──────── Given data
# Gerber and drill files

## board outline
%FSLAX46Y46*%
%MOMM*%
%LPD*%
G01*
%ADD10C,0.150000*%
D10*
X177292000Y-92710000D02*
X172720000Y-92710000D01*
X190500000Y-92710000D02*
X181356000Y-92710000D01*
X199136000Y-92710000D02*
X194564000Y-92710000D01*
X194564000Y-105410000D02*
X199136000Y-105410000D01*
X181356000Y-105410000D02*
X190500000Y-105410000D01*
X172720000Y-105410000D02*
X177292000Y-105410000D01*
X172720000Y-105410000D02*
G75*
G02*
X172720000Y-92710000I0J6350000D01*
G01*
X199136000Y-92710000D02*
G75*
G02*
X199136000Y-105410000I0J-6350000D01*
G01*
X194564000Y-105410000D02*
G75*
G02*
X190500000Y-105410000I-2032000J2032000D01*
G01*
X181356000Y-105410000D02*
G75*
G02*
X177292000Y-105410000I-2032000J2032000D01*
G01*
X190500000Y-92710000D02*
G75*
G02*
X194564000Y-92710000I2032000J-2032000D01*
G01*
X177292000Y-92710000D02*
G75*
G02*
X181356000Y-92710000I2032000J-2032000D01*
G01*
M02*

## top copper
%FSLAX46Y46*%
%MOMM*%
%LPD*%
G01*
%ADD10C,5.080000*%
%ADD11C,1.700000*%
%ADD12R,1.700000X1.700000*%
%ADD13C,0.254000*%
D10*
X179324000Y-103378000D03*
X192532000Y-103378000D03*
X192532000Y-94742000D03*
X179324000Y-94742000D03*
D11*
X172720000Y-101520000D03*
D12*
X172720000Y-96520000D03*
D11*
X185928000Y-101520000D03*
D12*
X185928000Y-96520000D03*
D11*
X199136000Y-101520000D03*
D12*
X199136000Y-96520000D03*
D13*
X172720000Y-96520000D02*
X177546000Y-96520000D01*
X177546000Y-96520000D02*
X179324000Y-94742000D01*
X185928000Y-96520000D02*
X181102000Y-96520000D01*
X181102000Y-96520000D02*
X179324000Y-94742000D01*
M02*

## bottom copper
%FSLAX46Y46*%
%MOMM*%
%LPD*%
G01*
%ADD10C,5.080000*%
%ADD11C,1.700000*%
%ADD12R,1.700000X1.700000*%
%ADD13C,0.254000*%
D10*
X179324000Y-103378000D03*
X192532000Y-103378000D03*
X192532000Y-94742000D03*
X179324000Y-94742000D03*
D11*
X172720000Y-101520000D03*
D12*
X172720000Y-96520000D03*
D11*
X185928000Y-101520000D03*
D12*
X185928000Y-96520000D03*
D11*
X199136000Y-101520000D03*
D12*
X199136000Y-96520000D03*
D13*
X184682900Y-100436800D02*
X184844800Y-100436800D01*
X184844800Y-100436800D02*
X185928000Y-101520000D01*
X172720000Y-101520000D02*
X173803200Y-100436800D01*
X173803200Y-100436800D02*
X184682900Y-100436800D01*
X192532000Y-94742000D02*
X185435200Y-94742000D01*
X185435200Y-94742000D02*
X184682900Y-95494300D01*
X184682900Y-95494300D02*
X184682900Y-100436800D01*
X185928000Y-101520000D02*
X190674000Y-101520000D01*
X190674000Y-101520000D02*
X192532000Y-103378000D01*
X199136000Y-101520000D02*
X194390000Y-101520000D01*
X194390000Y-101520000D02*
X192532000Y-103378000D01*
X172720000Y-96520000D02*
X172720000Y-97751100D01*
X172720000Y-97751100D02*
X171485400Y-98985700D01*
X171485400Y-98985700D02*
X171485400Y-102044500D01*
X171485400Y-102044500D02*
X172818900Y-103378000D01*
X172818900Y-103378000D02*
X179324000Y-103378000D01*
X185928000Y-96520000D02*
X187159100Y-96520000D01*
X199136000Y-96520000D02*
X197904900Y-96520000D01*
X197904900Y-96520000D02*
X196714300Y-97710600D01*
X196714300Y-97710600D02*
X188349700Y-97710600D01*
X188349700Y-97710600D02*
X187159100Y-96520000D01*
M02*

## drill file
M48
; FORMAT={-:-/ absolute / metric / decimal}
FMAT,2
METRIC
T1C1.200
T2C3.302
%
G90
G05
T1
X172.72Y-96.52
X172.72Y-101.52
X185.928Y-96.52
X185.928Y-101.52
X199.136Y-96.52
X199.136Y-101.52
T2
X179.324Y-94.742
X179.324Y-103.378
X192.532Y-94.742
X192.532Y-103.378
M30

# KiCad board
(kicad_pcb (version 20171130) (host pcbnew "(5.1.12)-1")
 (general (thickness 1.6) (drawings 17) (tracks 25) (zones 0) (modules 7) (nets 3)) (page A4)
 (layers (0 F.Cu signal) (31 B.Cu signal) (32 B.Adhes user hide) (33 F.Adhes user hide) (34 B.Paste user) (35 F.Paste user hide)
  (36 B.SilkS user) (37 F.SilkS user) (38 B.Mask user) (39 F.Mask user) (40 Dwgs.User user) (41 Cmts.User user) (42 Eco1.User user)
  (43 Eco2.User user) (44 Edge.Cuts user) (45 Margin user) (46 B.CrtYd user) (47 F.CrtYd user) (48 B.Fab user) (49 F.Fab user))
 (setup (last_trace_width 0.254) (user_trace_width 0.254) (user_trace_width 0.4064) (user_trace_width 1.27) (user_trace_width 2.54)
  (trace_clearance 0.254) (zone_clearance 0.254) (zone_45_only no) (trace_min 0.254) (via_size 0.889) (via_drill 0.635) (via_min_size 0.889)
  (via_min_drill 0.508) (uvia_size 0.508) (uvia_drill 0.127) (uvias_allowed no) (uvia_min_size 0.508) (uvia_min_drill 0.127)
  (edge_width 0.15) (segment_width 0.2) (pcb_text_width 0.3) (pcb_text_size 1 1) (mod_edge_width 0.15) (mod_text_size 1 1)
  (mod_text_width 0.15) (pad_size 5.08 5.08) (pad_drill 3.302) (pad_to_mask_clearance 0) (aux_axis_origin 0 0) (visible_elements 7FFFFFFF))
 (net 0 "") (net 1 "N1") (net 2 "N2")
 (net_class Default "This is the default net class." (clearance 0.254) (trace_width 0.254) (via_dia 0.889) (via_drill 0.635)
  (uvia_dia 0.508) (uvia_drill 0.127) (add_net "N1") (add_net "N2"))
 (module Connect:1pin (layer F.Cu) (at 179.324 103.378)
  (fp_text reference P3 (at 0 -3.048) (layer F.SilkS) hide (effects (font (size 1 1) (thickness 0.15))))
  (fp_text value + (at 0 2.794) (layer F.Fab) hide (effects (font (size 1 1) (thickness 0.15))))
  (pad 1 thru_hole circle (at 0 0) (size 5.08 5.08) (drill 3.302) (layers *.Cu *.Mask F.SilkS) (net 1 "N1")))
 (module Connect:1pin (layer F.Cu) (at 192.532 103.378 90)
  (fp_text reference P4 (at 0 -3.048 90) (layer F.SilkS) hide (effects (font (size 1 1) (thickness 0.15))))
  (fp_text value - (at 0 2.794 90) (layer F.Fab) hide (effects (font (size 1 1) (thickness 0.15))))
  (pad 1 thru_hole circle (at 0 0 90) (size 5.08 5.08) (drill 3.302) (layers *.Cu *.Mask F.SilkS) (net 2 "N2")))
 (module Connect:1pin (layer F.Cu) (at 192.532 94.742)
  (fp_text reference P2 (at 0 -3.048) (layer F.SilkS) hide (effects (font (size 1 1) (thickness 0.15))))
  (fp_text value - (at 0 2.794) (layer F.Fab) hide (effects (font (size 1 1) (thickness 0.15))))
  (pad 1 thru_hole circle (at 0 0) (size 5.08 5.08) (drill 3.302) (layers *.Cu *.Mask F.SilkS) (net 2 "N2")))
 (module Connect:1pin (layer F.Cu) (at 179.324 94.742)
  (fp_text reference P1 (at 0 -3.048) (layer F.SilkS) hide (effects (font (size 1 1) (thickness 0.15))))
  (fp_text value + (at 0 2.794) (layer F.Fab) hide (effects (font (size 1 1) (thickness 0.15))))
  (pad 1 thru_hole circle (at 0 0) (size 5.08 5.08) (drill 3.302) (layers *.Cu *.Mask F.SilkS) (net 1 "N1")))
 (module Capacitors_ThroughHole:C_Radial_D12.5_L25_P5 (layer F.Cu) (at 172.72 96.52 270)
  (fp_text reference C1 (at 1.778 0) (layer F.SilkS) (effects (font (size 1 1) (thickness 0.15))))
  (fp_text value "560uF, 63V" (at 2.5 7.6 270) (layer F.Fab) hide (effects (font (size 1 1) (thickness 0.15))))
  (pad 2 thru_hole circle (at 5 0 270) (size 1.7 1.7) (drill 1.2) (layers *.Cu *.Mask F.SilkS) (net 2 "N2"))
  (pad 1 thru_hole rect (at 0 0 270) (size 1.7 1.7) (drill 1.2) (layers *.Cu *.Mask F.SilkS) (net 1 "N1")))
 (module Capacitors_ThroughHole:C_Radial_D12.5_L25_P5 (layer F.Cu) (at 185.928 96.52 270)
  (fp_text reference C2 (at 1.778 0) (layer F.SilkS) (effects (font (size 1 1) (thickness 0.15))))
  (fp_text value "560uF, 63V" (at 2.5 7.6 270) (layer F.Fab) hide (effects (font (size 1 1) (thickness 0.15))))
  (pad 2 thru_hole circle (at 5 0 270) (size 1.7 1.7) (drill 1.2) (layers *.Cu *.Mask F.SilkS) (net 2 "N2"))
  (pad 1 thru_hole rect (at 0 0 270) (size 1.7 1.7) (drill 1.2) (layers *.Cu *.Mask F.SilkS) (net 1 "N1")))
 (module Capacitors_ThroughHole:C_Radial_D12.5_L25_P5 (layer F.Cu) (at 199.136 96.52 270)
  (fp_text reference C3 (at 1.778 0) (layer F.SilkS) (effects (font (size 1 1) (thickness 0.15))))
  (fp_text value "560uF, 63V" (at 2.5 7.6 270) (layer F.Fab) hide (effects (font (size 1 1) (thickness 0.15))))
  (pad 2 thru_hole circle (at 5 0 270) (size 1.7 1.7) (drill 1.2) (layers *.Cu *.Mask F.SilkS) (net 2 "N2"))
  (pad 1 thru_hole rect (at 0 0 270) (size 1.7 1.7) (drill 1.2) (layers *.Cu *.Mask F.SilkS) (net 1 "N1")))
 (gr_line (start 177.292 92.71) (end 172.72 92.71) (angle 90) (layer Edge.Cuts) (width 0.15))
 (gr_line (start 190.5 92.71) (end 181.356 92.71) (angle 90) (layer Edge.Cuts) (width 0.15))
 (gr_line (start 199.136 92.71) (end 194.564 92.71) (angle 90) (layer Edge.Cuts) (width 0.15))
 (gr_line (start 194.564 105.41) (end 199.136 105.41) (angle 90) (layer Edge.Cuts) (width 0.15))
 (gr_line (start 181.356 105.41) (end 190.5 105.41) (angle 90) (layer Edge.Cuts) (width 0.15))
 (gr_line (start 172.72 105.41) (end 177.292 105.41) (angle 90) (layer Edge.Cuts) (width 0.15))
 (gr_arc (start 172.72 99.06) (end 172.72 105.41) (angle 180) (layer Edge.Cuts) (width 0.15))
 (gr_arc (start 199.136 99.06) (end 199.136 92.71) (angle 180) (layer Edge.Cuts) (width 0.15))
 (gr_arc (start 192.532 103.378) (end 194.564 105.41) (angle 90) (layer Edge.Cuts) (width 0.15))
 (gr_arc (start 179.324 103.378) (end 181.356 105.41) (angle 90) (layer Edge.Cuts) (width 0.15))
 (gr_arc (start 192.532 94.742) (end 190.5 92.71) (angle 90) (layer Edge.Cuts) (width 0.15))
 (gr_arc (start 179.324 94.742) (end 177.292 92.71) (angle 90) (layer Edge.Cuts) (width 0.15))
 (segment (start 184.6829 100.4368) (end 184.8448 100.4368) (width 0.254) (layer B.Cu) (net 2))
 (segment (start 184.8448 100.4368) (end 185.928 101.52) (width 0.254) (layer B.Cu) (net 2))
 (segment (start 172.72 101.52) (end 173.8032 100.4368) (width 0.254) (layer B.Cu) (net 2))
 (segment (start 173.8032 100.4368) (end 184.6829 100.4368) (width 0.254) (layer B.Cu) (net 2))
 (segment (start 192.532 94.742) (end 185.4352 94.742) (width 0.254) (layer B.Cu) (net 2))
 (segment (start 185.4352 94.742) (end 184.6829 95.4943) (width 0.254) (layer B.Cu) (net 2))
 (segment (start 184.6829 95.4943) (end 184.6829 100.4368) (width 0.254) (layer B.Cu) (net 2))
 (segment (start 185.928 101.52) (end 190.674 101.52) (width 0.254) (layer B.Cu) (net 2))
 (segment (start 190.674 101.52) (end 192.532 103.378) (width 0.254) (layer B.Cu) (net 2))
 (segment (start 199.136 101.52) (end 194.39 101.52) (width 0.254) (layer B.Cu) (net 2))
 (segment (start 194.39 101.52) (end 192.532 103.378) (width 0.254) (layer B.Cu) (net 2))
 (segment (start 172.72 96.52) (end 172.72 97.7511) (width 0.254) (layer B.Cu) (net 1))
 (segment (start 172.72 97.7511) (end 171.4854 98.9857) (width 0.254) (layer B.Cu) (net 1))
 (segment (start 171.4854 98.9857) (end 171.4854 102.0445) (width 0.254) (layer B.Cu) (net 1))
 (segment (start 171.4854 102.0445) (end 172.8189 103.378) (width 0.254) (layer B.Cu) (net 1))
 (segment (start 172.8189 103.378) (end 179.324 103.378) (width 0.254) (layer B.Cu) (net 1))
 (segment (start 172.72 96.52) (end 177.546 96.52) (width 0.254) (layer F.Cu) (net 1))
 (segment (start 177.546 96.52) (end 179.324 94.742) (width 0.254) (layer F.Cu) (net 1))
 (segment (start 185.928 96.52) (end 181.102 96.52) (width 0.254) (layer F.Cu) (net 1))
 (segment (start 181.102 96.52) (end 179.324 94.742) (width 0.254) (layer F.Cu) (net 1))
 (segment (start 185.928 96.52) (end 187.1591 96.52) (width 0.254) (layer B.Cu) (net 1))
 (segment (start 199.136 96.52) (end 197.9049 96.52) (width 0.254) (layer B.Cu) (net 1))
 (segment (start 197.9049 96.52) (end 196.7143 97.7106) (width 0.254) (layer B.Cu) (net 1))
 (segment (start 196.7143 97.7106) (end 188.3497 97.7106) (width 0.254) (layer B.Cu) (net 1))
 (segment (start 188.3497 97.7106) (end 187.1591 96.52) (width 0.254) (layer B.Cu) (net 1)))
────────────────
**Aim of the task**
Please reproduce exactly the lines from the first one of the records above through the line containing "X190500000Y-105410000D01*", both included, and nothing else.

**Output below**
# Gerber and drill files

## board outline
%FSLAX46Y46*%
%MOMM*%
%LPD*%
G01*
%ADD10C,0.150000*%
D10*
X177292000Y-92710000D02*
X172720000Y-92710000D01*
X190500000Y-92710000D02*
X181356000Y-92710000D01*
X199136000Y-92710000D02*
X194564000Y-92710000D01*
X194564000Y-105410000D02*
X199136000Y-105410000D01*
X181356000Y-105410000D02*
X190500000Y-105410000D01*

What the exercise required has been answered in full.